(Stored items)
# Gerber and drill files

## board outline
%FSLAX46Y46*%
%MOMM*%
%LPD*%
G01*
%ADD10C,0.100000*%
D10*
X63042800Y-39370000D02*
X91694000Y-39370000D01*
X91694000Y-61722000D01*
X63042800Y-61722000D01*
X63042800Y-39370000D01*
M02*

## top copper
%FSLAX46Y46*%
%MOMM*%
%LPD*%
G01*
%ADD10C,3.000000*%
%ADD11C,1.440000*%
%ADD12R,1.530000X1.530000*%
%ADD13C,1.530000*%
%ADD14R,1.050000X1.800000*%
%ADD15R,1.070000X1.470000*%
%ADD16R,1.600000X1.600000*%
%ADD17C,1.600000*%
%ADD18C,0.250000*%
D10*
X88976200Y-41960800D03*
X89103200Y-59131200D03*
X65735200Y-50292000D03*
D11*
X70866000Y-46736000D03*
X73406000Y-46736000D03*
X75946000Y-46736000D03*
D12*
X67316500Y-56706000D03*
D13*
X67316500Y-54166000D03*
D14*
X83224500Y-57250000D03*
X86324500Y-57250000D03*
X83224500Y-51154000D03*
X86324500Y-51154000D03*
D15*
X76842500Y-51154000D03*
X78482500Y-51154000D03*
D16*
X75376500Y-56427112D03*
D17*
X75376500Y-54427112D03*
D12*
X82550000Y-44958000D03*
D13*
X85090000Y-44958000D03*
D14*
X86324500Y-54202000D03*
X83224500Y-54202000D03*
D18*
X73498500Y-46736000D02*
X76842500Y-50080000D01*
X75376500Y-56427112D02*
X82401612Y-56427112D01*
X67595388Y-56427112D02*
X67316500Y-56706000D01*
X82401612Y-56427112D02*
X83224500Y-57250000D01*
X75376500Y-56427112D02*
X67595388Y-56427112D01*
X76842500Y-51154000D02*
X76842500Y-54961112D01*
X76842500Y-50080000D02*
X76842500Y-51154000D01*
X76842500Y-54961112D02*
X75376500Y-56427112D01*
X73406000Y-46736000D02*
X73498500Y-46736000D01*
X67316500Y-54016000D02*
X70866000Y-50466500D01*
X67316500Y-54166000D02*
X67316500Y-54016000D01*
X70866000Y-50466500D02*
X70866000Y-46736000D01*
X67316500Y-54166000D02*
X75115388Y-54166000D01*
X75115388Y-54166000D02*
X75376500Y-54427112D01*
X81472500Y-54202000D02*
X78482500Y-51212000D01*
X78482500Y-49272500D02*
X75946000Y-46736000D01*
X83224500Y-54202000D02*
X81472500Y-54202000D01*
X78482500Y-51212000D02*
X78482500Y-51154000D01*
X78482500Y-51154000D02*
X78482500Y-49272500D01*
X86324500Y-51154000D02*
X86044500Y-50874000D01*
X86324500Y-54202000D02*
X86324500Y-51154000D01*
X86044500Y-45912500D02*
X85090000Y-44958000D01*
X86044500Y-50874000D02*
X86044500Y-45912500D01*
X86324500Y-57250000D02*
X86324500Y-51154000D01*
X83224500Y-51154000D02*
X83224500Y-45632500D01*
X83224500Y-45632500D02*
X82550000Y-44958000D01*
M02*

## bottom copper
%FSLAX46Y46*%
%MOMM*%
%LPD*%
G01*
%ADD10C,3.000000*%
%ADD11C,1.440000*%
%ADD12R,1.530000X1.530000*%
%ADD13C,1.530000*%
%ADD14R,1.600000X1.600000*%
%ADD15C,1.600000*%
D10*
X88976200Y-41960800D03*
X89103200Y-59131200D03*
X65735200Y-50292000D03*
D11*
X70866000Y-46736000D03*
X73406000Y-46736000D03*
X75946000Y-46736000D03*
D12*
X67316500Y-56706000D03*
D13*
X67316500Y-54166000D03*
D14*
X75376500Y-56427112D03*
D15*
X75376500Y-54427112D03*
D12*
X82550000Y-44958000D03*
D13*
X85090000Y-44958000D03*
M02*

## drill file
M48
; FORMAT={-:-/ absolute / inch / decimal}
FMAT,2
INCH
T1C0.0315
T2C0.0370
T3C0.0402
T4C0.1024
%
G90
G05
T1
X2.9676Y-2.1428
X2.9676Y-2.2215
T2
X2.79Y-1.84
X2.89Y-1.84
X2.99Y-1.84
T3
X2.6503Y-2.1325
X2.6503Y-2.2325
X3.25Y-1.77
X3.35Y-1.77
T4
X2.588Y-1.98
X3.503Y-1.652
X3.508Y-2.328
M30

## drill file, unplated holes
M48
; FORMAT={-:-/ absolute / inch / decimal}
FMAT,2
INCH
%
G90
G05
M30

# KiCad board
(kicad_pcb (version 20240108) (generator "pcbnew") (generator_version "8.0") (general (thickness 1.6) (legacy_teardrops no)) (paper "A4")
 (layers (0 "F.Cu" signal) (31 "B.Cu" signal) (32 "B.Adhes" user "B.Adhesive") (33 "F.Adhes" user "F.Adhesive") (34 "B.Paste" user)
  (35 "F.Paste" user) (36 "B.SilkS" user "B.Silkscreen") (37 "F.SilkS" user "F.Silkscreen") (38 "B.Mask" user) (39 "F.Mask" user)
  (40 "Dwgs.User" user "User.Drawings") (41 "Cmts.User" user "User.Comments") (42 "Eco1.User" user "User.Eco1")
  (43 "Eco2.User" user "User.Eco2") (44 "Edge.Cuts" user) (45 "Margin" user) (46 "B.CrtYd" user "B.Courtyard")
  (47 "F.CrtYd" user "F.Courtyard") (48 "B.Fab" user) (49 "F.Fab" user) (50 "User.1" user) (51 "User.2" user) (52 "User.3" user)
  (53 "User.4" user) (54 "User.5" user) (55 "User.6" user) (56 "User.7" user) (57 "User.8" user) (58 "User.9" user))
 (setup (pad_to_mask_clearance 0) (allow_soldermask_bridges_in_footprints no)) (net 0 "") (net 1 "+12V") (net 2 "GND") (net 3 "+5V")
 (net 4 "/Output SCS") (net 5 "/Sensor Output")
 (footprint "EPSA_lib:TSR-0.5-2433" (layer "F.Cu") (at 67.656 48.736)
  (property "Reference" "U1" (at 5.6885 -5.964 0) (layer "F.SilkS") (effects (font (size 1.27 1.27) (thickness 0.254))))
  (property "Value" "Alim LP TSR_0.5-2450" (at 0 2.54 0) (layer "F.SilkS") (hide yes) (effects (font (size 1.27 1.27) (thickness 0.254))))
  (pad "1" thru_hole circle (at 3.21 -2) (size 1.44 1.44) (drill 0.94) (layers "*.Cu" "*.Mask") (remove_unused_layers no) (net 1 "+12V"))
  (pad "2" thru_hole circle (at 5.75 -2) (size 1.44 1.44) (drill 0.94) (layers "*.Cu" "*.Mask") (remove_unused_layers no) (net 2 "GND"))
  (pad "3" thru_hole circle (at 8.29 -2) (size 1.44 1.44) (drill 0.94) (layers "*.Cu" "*.Mask") (remove_unused_layers no) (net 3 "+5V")))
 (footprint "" (layer "F.Cu") (at 88.9762 41.9608)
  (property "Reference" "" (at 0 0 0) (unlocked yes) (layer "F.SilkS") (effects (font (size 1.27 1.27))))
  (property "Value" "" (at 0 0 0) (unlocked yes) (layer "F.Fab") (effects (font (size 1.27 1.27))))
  (pad "1" thru_hole circle (at 0 0) (size 3 3) (drill 2.6) (layers "*.Cu" "*.Mask") (remove_unused_layers no)))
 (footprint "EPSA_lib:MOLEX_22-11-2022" (layer "F.Cu") (at 67.3165 56.706 90)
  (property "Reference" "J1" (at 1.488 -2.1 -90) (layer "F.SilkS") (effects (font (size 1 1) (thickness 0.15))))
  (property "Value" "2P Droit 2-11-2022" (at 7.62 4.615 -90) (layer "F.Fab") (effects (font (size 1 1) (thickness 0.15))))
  (pad "1" thru_hole rect (at 0 0 90) (size 1.53 1.53) (drill 1.02) (layers "*.Cu" "*.Mask") (remove_unused_layers no) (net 2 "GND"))
  (pad "2" thru_hole circle (at 2.54 0 90) (size 1.53 1.53) (drill 1.02) (layers "*.Cu" "*.Mask") (remove_unused_layers no) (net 1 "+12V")))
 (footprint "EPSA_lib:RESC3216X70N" (layer "F.Cu") (at 84.7745 57.25)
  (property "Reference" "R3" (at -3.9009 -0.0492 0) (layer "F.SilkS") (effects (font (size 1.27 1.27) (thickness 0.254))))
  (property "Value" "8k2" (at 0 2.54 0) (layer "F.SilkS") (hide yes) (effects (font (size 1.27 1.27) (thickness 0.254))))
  (pad "1" smd rect (at -1.55 0) (size 1.05 1.8) (layers "F.Cu" "F.Paste" "F.Mask") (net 2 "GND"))
  (pad "2" smd rect (at 1.55 0) (size 1.05 1.8) (layers "F.Cu" "F.Paste" "F.Mask") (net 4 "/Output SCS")))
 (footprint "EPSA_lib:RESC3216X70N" (layer "F.Cu") (at 84.7745 51.154)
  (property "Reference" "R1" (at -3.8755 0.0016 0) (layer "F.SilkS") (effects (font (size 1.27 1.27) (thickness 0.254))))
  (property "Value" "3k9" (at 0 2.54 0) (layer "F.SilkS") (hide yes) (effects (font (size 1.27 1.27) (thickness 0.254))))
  (pad "1" smd rect (at -1.55 0) (size 1.05 1.8) (layers "F.Cu" "F.Paste" "F.Mask") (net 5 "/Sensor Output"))
  (pad "2" smd rect (at 1.55 0) (size 1.05 1.8) (layers "F.Cu" "F.Paste" "F.Mask") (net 4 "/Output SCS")))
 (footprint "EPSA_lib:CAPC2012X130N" (layer "F.Cu") (at 77.6625 51.154)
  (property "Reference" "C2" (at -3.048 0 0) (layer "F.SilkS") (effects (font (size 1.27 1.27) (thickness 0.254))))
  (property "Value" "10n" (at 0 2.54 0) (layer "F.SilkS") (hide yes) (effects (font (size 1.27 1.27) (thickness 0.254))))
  (pad "1" smd rect (at -0.82 0) (size 1.07 1.47) (layers "F.Cu" "F.Paste" "F.Mask") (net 2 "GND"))
  (pad "2" smd rect (at 0.82 0) (size 1.07 1.47) (layers "F.Cu" "F.Paste" "F.Mask") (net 3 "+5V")))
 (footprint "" (layer "F.Cu") (at 89.1032 59.1312)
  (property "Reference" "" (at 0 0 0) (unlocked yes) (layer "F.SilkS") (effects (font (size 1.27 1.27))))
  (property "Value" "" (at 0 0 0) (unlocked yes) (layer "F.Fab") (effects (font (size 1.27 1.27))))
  (pad "1" thru_hole circle (at 0 0) (size 3 3) (drill 2.6) (layers "*.Cu" "*.Mask") (remove_unused_layers no)))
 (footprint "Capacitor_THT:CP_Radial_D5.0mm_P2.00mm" (layer "F.Cu") (at 75.3765 56.427112 90)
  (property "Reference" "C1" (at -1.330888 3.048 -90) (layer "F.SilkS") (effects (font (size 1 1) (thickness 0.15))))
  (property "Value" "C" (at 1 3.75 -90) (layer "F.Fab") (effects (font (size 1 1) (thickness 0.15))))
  (pad "1" thru_hole rect (at 0 0 90) (size 1.6 1.6) (drill 0.8) (layers "*.Cu" "*.Mask") (remove_unused_layers no) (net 2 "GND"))
  (pad "2" thru_hole circle (at 2 0 90) (size 1.6 1.6) (drill 0.8) (layers "*.Cu" "*.Mask") (remove_unused_layers no) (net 1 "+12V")))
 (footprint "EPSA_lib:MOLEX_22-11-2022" (layer "F.Cu") (at 82.55 44.958)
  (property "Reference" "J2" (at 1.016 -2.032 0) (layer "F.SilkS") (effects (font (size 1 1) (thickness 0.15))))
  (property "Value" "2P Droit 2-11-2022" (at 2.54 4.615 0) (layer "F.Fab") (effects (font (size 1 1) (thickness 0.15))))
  (pad "1" thru_hole rect (at 0 0) (size 1.53 1.53) (drill 1.02) (layers "*.Cu" "*.Mask") (remove_unused_layers no) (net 5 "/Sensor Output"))
  (pad "2" thru_hole circle (at 2.54 0) (size 1.53 1.53) (drill 1.02) (layers "*.Cu" "*.Mask") (remove_unused_layers no)
   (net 4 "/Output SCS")))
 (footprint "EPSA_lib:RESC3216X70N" (layer "F.Cu") (at 84.7745 54.202 180)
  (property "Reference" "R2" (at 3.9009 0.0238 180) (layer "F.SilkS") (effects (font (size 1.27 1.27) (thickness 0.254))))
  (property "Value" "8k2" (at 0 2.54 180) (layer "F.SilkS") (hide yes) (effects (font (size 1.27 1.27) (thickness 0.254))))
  (pad "1" smd rect (at -1.55 0 180) (size 1.05 1.8) (layers "F.Cu" "F.Paste" "F.Mask") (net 4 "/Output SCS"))
  (pad "2" smd rect (at 1.55 0 180) (size 1.05 1.8) (layers "F.Cu" "F.Paste" "F.Mask") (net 3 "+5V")))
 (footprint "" (layer "F.Cu") (at 65.7352 50.292)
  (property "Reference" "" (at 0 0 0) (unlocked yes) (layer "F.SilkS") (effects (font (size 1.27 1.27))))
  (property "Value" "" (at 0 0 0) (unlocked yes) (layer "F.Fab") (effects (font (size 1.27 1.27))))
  (pad "1" thru_hole circle (at 0 0) (size 3 3) (drill 2.6) (layers "*.Cu" "*.Mask") (remove_unused_layers no)))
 (gr_rect (start 63.0428 39.37) (end 91.694 61.722) (stroke (width 0.1) (type default)) (fill none) (layer "Edge.Cuts"))
 (segment (start 73.4985 46.736) (end 76.8425 50.08) (width 0.25) (layer "F.Cu") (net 2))
 (segment (start 75.3765 56.427112) (end 82.401612 56.427112) (width 0.25) (layer "F.Cu") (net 2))
 (segment (start 67.595388 56.427112) (end 67.3165 56.706) (width 0.25) (layer "F.Cu") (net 2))
 (segment (start 82.401612 56.427112) (end 83.2245 57.25) (width 0.25) (layer "F.Cu") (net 2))
 (segment (start 75.3765 56.427112) (end 67.595388 56.427112) (width 0.25) (layer "F.Cu") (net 2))
 (segment (start 76.8425 51.154) (end 76.8425 54.961112) (width 0.25) (layer "F.Cu") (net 2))
 (segment (start 76.8425 50.08) (end 76.8425 51.154) (width 0.25) (layer "F.Cu") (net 2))
 (segment (start 76.8425 54.961112) (end 75.3765 56.427112) (width 0.25) (layer "F.Cu") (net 2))
 (segment (start 73.406 46.736) (end 73.4985 46.736) (width 0.25) (layer "F.Cu") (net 2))
 (segment (start 67.3165 54.016) (end 70.866 50.4665) (width 0.25) (layer "F.Cu") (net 1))
 (segment (start 67.3165 54.166) (end 67.3165 54.016) (width 0.25) (layer "F.Cu") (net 1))
 (segment (start 70.866 50.4665) (end 70.866 46.736) (width 0.25) (layer "F.Cu") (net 1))
 (segment (start 67.3165 54.166) (end 75.115388 54.166) (width 0.25) (layer "F.Cu") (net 1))
 (segment (start 75.115388 54.166) (end 75.3765 54.427112) (width 0.25) (layer "F.Cu") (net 1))
 (segment (start 81.4725 54.202) (end 78.4825 51.212) (width 0.25) (layer "F.Cu") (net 3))
 (segment (start 78.4825 49.2725) (end 75.946 46.736) (width 0.25) (layer "F.Cu") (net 3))
 (segment (start 83.2245 54.202) (end 81.4725 54.202) (width 0.25) (layer "F.Cu") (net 3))
 (segment (start 78.4825 51.212) (end 78.4825 51.154) (width 0.25) (layer "F.Cu") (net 3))
 (segment (start 78.4825 51.154) (end 78.4825 49.2725) (width 0.25) (layer "F.Cu") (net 3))
 (segment (start 86.3245 51.154) (end 86.0445 50.874) (width 0.25) (layer "F.Cu") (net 4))
 (segment (start 86.3245 54.202) (end 86.3245 51.154) (width 0.25) (layer "F.Cu") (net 4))
 (segment (start 86.0445 45.9125) (end 85.09 44.958) (width 0.25) (layer "F.Cu") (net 4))
 (segment (start 86.0445 50.874) (end 86.0445 45.9125) (width 0.25) (layer "F.Cu") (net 4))
 (segment (start 86.3245 57.25) (end 86.3245 51.154) (width 0.25) (layer "F.Cu") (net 4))
 (segment (start 83.2245 51.154) (end 83.2245 45.6325) (width 0.25) (layer "F.Cu") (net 5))
 (segment (start 83.2245 45.6325) (end 82.55 44.958) (width 0.25) (layer "F.Cu") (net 5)))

- [WORK INSTRUCTIONS]:
Where does "Reference" appear in the records above? Copy every line that has it.

- [TASK RESPONSE]:
  (property "Reference" "U1" (at 5.6885 -5.964 0) (layer "F.SilkS") (effects (font (size 1.27 1.27) (thickness 0.254))))
  (property "Reference" "" (at 0 0 0) (unlocked yes) (layer "F.SilkS") (effects (font (size 1.27 1.27))))
  (property "Reference" "J1" (at 1.488 -2.1 -90) (layer "F.SilkS") (effects (font (size 1 1) (thickness 0.15))))
  (property "Reference" "R3" (at -3.9009 -0.0492 0) (layer "F.SilkS") (effects (font (size 1.27 1.27) (thickness 0.254))))
  (property "Reference" "R1" (at -3.8755 0.0016 0) (layer "F.SilkS") (effects (font (size 1.27 1.27) (thickness 0.254))))
  (property "Reference" "C2" (at -3.048 0 0) (layer "F.SilkS") (effects (font (size 1.27 1.27) (thickness 0.254))))
  (property "Reference" "" (at 0 0 0) (unlocked yes) (layer "F.SilkS") (effects (font (size 1.27 1.27))))
  (property "Reference" "C1" (at -1.330888 3.048 -90) (layer "F.SilkS") (effects (font (size 1 1) (thickness 0.15))))
  (property "Reference" "J2" (at 1.016 -2.032 0) (layer "F.SilkS") (effects (font (size 1 1) (thickness 0.15))))
  (property "Reference" "R2" (at 3.9009 0.0238 180) (layer "F.SilkS") (effects (font (size 1.27 1.27) (thickness 0.254))))
  (property "Reference" "" (at 0 0 0) (unlocked yes) (layer "F.SilkS") (effects (font (size 1.27 1.27))))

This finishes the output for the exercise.